▶ **PROBLEM DETAILS**: Output all entries verbatim.

▶ **DATA TO EXAMINE**:
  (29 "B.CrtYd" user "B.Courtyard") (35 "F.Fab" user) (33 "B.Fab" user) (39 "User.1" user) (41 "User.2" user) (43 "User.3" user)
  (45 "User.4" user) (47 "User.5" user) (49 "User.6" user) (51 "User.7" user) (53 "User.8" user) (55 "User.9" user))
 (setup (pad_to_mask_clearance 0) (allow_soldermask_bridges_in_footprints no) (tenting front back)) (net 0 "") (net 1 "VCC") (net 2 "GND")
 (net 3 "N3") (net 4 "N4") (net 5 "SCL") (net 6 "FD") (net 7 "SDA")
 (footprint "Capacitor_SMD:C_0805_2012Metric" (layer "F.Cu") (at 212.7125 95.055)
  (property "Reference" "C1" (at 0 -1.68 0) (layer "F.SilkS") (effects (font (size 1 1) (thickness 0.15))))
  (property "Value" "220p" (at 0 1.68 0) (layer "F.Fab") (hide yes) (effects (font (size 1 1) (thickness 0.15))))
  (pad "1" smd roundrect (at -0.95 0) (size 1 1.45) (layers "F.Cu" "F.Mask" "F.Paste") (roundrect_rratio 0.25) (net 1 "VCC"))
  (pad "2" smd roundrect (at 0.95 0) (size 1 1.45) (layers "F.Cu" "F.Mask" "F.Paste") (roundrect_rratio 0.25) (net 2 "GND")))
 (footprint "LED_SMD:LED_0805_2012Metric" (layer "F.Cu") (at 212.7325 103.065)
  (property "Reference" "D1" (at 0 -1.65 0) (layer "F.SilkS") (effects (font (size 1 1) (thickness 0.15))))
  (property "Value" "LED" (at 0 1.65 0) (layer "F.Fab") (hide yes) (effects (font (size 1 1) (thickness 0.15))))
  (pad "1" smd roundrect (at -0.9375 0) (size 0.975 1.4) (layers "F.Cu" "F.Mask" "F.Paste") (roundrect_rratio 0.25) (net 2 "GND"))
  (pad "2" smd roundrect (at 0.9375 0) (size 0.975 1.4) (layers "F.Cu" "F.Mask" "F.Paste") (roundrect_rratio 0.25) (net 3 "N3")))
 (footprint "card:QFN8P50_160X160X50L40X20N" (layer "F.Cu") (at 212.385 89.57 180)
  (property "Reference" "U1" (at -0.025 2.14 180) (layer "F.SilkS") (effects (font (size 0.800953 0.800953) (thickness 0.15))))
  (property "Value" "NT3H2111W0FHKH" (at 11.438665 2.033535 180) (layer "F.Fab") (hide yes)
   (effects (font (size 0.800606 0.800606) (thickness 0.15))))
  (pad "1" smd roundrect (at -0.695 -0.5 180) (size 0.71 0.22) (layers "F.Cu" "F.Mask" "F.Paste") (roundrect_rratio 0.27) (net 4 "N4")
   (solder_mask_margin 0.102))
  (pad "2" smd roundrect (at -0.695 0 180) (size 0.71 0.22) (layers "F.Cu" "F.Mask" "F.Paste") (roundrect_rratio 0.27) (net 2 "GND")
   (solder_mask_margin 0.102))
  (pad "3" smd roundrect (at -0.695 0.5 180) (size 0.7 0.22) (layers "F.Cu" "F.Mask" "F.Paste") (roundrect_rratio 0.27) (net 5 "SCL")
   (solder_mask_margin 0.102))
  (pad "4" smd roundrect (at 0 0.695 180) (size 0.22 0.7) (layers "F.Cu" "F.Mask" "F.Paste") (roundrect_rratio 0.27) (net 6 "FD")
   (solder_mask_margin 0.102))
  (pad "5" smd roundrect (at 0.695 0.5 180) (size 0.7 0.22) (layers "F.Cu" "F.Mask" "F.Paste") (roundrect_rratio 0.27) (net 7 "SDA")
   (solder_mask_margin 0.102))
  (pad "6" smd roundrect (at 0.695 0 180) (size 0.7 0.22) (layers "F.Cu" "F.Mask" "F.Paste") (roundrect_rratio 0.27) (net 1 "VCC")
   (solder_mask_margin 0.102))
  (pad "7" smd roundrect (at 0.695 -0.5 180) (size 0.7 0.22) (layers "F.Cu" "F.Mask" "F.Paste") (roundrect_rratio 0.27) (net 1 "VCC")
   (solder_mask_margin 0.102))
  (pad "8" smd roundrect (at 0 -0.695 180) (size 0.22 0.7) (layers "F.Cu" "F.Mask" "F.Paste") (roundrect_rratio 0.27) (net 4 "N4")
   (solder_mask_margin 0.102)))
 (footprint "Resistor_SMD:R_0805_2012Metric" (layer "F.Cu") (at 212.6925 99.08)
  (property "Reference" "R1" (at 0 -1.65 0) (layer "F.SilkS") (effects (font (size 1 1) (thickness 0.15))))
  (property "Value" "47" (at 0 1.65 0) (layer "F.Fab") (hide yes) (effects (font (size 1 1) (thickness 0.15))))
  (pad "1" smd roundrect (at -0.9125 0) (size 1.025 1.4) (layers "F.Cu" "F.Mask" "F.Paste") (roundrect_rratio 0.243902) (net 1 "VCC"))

▶ **ANSWER AREA**:
  (29 "B.CrtYd" user "B.Courtyard") (35 "F.Fab" user) (33 "B.Fab" user) (39 "User.1" user) (41 "User.2" user) (43 "User.3" user)
  (45 "User.4" user) (47 "User.5" user) (49 "User.6" user) (51 "User.7" user) (53 "User.8" user) (55 "User.9" user))
 (setup (pad_to_mask_clearance 0) (allow_soldermask_bridges_in_footprints no) (tenting front back)) (net 0 "") (net 1 "VCC") (net 2 "GND")
 (net 3 "N3") (net 4 "N4") (net 5 "SCL") (net 6 "FD") (net 7 "SDA")
 (footprint "Capacitor_SMD:C_0805_2012Metric" (layer "F.Cu") (at 212.7125 95.055)
  (property "Reference" "C1" (at 0 -1.68 0) (layer "F.SilkS") (effects (font (size 1 1) (thickness 0.15))))
  (property "Value" "220p" (at 0 1.68 0) (layer "F.Fab") (hide yes) (effects (font (size 1 1) (thickness 0.15))))
  (pad "1" smd roundrect (at -0.95 0) (size 1 1.45) (layers "F.Cu" "F.Mask" "F.Paste") (roundrect_rratio 0.25) (net 1 "VCC"))
  (pad "2" smd roundrect (at 0.95 0) (size 1 1.45) (layers "F.Cu" "F.Mask" "F.Paste") (roundrect_rratio 0.25) (net 2 "GND")))
 (footprint "LED_SMD:LED_0805_2012Metric" (layer "F.Cu") (at 212.7325 103.065)
  (property "Reference" "D1" (at 0 -1.65 0) (layer "F.SilkS") (effects (font (size 1 1) (thickness 0.15))))
  (property "Value" "LED" (at 0 1.65 0) (layer "F.Fab") (hide yes) (effects (font (size 1 1) (thickness 0.15))))
  (pad "1" smd roundrect (at -0.9375 0) (size 0.975 1.4) (layers "F.Cu" "F.Mask" "F.Paste") (roundrect_rratio 0.25) (net 2 "GND"))
  (pad "2" smd roundrect (at 0.9375 0) (size 0.975 1.4) (layers "F.Cu" "F.Mask" "F.Paste") (roundrect_rratio 0.25) (net 3 "N3")))
 (footprint "card:QFN8P50_160X160X50L40X20N" (layer "F.Cu") (at 212.385 89.57 180)
  (property "Reference" "U1" (at -0.025 2.14 180) (layer "F.SilkS") (effects (font (size 0.800953 0.800953) (thickness 0.15))))
  (property "Value" "NT3H2111W0FHKH" (at 11.438665 2.033535 180) (layer "F.Fab") (hide yes)
   (effects (font (size 0.800606 0.800606) (thickness 0.15))))
  (pad "1" smd roundrect (at -0.695 -0.5 180) (size 0.71 0.22) (layers "F.Cu" "F.Mask" "F.Paste") (roundrect_rratio 0.27) (net 4 "N4")
   (solder_mask_margin 0.102))
  (pad "2" smd roundrect (at -0.695 0 180) (size 0.71 0.22) (layers "F.Cu" "F.Mask" "F.Paste") (roundrect_rratio 0.27) (net 2 "GND")
   (solder_mask_margin 0.102))
  (pad "3" smd roundrect (at -0.695 0.5 180) (size 0.7 0.22) (layers "F.Cu" "F.Mask" "F.Paste") (roundrect_rratio 0.27) (net 5 "SCL")
   (solder_mask_margin 0.102))
  (pad "4" smd roundrect (at 0 0.695 180) (size 0.22 0.7) (layers "F.Cu" "F.Mask" "F.Paste") (roundrect_rratio 0.27) (net 6 "FD")
   (solder_mask_margin 0.102))
  (pad "5" smd roundrect (at 0.695 0.5 180) (size 0.7 0.22) (layers "F.Cu" "F.Mask" "F.Paste") (roundrect_rratio 0.27) (net 7 "SDA")
   (solder_mask_margin 0.102))
  (pad "6" smd roundrect (at 0.695 0 180) (size 0.7 0.22) (layers "F.Cu" "F.Mask" "F.Paste") (roundrect_rratio 0.27) (net 1 "VCC")
   (solder_mask_margin 0.102))
  (pad "7" smd roundrect (at 0.695 -0.5 180) (size 0.7 0.22) (layers "F.Cu" "F.Mask" "F.Paste") (roundrect_rratio 0.27) (net 1 "VCC")
   (solder_mask_margin 0.102))
  (pad "8" smd roundrect (at 0 -0.695 180) (size 0.22 0.7) (layers "F.Cu" "F.Mask" "F.Paste") (roundrect_rratio 0.27) (net 4 "N4")
   (solder_mask_margin 0.102)))
 (footprint "Resistor_SMD:R_0805_2012Metric" (layer "F.Cu") (at 212.6925 99.08)
  (property "Reference" "R1" (at 0 -1.65 0) (layer "F.SilkS") (effects (font (size 1 1) (thickness 0.15))))
  (property "Value" "47" (at 0 1.65 0) (layer "F.Fab") (hide yes) (effects (font (size 1 1) (thickness 0.15))))
  (pad "1" smd roundrect (at -0.9125 0) (size 1.025 1.4) (layers "F.Cu" "F.Mask" "F.Paste") (roundrect_rratio 0.243902) (net 1 "VCC"))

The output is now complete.